_HOW TO COMPLETE THIS TASK_
Search the records for the string "version" and copy every line where it turns up.

Dataset entries
BEGIN
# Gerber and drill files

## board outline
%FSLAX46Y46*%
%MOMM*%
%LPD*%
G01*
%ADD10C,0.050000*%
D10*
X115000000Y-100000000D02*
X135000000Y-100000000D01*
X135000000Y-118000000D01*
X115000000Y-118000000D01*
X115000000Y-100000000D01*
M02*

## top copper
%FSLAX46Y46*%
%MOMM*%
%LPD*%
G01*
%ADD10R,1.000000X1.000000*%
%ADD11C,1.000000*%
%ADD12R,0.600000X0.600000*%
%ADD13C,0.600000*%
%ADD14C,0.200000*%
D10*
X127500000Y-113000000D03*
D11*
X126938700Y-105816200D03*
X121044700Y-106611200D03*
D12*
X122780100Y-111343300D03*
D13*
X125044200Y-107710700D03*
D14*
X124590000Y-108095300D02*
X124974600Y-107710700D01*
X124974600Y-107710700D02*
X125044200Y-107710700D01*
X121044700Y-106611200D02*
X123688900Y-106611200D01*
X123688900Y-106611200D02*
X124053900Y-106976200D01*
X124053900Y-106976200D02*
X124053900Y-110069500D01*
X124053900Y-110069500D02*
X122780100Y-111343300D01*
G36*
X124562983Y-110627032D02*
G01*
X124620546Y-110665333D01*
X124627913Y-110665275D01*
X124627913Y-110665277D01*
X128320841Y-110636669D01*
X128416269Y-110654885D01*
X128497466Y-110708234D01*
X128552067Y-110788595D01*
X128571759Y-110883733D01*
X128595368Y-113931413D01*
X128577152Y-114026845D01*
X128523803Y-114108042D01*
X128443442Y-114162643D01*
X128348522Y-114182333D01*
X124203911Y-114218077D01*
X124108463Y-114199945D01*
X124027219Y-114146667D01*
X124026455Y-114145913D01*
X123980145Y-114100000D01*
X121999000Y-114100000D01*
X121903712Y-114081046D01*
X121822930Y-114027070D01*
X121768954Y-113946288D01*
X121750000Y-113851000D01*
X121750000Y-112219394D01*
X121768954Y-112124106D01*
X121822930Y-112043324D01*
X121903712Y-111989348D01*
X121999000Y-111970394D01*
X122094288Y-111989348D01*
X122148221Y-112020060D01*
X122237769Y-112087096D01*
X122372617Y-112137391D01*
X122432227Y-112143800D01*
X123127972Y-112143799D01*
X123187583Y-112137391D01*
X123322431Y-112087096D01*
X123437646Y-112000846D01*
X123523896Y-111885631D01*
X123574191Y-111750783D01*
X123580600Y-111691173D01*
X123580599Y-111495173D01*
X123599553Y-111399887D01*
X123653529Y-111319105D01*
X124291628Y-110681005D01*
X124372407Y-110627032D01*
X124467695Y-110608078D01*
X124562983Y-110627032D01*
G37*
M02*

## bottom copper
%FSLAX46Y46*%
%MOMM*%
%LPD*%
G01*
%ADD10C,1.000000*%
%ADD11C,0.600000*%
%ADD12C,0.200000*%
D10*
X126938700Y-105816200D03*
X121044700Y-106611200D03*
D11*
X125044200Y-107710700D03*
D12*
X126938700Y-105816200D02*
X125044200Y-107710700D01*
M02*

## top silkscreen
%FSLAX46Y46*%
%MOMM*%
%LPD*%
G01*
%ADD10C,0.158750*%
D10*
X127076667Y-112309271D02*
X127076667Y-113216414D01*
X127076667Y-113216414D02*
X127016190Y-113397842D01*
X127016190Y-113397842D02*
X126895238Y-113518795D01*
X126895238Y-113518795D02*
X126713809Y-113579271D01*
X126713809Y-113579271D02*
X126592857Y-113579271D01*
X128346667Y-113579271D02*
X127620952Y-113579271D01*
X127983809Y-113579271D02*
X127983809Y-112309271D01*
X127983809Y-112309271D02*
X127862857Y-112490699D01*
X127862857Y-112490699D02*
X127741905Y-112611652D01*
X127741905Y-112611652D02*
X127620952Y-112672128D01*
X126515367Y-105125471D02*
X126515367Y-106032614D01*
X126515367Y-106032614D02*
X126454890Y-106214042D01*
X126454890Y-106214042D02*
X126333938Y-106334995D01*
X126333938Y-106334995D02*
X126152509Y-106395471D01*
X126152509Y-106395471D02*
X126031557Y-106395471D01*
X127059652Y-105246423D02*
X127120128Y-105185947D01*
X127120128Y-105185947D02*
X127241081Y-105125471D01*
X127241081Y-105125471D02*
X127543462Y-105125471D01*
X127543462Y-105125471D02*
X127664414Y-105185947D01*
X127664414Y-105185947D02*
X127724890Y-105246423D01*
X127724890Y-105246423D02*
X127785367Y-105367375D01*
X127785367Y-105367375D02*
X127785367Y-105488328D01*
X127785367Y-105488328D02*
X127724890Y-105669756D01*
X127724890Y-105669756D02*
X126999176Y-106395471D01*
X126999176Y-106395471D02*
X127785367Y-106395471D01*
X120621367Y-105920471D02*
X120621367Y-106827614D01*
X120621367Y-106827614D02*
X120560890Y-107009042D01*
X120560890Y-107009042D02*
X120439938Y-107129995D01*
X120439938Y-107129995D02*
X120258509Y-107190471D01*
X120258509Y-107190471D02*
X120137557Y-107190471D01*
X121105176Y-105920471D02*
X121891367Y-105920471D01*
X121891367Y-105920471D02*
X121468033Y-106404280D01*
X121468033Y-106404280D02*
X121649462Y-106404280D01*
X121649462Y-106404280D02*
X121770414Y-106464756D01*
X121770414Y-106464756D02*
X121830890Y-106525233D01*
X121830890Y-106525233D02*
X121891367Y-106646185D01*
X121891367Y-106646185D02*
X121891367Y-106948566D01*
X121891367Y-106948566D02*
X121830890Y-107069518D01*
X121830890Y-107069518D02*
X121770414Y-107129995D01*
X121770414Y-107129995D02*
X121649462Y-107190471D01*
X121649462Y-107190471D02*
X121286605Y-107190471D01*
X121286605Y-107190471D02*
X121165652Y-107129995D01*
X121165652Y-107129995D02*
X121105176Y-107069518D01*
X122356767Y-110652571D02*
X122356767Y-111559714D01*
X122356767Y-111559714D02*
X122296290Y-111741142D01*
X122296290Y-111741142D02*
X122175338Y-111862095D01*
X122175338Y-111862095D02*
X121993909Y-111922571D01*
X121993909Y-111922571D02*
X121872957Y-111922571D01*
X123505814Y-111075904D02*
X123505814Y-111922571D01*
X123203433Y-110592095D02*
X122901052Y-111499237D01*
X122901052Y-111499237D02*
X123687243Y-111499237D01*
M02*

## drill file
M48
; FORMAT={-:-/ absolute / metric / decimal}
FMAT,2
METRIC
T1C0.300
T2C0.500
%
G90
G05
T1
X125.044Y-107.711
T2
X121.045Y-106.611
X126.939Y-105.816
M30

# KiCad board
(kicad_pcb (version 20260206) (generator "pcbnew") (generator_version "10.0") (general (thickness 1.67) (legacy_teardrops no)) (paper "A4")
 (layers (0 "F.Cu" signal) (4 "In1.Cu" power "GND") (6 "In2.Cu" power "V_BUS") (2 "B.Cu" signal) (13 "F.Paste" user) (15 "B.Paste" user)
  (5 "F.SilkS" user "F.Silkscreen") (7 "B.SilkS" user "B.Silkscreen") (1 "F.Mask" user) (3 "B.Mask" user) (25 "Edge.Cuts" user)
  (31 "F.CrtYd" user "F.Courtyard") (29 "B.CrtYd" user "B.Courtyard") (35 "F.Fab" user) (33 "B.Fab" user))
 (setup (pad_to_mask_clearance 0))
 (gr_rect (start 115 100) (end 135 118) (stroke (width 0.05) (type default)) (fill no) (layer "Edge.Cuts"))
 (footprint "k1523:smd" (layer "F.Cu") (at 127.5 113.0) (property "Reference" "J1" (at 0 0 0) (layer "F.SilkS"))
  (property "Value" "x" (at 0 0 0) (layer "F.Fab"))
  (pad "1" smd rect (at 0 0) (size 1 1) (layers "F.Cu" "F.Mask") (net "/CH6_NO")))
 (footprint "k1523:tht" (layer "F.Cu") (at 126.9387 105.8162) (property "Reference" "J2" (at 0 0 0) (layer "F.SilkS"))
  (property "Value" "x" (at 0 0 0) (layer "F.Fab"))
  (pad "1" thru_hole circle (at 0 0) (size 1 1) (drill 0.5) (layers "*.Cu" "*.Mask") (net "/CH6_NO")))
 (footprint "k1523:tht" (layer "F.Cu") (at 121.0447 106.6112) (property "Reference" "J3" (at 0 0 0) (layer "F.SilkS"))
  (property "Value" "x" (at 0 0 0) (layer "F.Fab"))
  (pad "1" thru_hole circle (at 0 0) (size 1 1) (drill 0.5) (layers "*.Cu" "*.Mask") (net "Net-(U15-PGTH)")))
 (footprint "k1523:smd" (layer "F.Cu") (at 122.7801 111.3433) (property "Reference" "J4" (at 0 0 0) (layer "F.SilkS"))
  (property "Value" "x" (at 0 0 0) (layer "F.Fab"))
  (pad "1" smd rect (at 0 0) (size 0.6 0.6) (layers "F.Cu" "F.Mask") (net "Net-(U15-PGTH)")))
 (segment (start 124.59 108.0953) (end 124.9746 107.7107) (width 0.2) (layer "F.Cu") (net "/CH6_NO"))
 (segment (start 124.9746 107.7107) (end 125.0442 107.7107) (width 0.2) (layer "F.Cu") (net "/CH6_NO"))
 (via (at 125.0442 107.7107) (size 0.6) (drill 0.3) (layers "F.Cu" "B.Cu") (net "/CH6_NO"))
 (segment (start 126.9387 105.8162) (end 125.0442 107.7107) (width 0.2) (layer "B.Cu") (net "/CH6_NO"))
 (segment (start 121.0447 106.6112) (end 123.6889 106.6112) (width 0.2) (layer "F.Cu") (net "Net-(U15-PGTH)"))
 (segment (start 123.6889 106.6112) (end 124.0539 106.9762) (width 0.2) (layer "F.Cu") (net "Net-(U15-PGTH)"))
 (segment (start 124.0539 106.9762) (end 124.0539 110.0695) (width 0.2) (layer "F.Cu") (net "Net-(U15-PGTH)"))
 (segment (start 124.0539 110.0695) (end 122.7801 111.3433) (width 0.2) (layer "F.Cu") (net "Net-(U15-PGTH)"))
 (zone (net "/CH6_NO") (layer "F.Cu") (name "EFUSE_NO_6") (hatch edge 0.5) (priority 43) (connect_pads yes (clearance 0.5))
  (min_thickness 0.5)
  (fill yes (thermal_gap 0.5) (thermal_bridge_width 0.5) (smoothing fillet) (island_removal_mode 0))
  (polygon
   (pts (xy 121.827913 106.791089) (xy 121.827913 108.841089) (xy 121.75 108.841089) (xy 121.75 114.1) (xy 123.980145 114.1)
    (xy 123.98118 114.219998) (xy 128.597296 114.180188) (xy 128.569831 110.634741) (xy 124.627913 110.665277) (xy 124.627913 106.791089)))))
END
BEGIN
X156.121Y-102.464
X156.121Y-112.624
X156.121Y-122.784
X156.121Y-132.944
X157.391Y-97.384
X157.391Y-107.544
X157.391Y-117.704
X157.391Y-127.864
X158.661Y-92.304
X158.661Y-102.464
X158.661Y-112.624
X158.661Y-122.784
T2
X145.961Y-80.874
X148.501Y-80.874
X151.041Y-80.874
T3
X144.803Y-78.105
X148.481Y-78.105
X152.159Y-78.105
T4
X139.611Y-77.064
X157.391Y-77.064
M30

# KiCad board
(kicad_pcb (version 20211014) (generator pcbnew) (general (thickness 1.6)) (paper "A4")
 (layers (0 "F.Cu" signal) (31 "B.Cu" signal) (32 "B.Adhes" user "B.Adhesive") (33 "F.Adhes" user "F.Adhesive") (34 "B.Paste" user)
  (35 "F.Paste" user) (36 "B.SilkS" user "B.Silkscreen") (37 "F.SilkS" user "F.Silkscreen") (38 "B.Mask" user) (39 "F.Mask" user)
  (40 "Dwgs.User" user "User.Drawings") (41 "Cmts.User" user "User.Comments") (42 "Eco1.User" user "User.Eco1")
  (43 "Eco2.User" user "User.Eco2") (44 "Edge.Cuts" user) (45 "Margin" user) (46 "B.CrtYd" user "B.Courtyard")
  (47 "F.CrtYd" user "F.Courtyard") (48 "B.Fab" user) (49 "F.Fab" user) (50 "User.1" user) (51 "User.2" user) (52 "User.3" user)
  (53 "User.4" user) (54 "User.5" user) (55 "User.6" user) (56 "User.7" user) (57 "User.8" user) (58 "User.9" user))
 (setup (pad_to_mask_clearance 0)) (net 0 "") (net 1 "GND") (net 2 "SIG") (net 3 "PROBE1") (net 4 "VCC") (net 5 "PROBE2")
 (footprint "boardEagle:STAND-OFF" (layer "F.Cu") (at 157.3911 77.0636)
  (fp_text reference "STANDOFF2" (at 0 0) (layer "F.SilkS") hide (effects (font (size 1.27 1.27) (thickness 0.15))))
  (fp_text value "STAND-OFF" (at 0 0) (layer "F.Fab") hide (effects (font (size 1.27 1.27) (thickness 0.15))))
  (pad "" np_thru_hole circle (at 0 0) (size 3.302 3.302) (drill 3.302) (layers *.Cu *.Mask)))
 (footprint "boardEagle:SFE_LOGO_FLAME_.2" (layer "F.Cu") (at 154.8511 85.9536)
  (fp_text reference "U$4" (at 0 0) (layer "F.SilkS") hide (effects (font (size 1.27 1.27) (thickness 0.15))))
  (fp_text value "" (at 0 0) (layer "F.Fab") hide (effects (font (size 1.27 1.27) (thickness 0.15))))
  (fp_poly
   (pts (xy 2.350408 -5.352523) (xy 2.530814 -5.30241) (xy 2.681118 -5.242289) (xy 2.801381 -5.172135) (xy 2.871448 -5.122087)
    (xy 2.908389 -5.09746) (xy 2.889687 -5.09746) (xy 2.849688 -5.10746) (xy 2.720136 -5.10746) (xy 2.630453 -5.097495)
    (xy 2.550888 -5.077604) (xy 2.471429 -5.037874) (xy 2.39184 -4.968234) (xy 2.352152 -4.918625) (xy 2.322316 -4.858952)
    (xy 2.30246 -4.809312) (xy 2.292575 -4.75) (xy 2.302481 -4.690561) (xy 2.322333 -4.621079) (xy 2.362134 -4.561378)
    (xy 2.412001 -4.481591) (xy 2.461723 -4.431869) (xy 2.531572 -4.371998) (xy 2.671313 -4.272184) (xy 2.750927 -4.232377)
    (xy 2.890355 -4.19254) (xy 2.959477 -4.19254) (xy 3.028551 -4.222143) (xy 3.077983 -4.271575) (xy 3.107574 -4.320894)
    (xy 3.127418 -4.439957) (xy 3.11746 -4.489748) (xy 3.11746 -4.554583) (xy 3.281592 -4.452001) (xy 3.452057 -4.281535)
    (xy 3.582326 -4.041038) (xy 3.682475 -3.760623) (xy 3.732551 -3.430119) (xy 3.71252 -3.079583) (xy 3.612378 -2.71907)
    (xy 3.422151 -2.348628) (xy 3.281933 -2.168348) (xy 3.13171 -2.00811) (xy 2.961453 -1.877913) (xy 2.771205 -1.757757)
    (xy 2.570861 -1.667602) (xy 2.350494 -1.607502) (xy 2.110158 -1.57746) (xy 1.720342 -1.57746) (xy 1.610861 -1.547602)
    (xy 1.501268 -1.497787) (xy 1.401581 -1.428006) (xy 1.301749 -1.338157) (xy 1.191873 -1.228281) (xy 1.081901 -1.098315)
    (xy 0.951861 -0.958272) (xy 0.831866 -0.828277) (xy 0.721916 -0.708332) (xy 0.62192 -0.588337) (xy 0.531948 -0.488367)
END
_RESPONSE TO THE TASK_
(kicad_pcb (version 20260206) (generator "pcbnew") (generator_version "10.0") (general (thickness 1.67) (legacy_teardrops no)) (paper "A4")
(kicad_pcb (version 20211014) (generator pcbnew) (general (thickness 1.6)) (paper "A4")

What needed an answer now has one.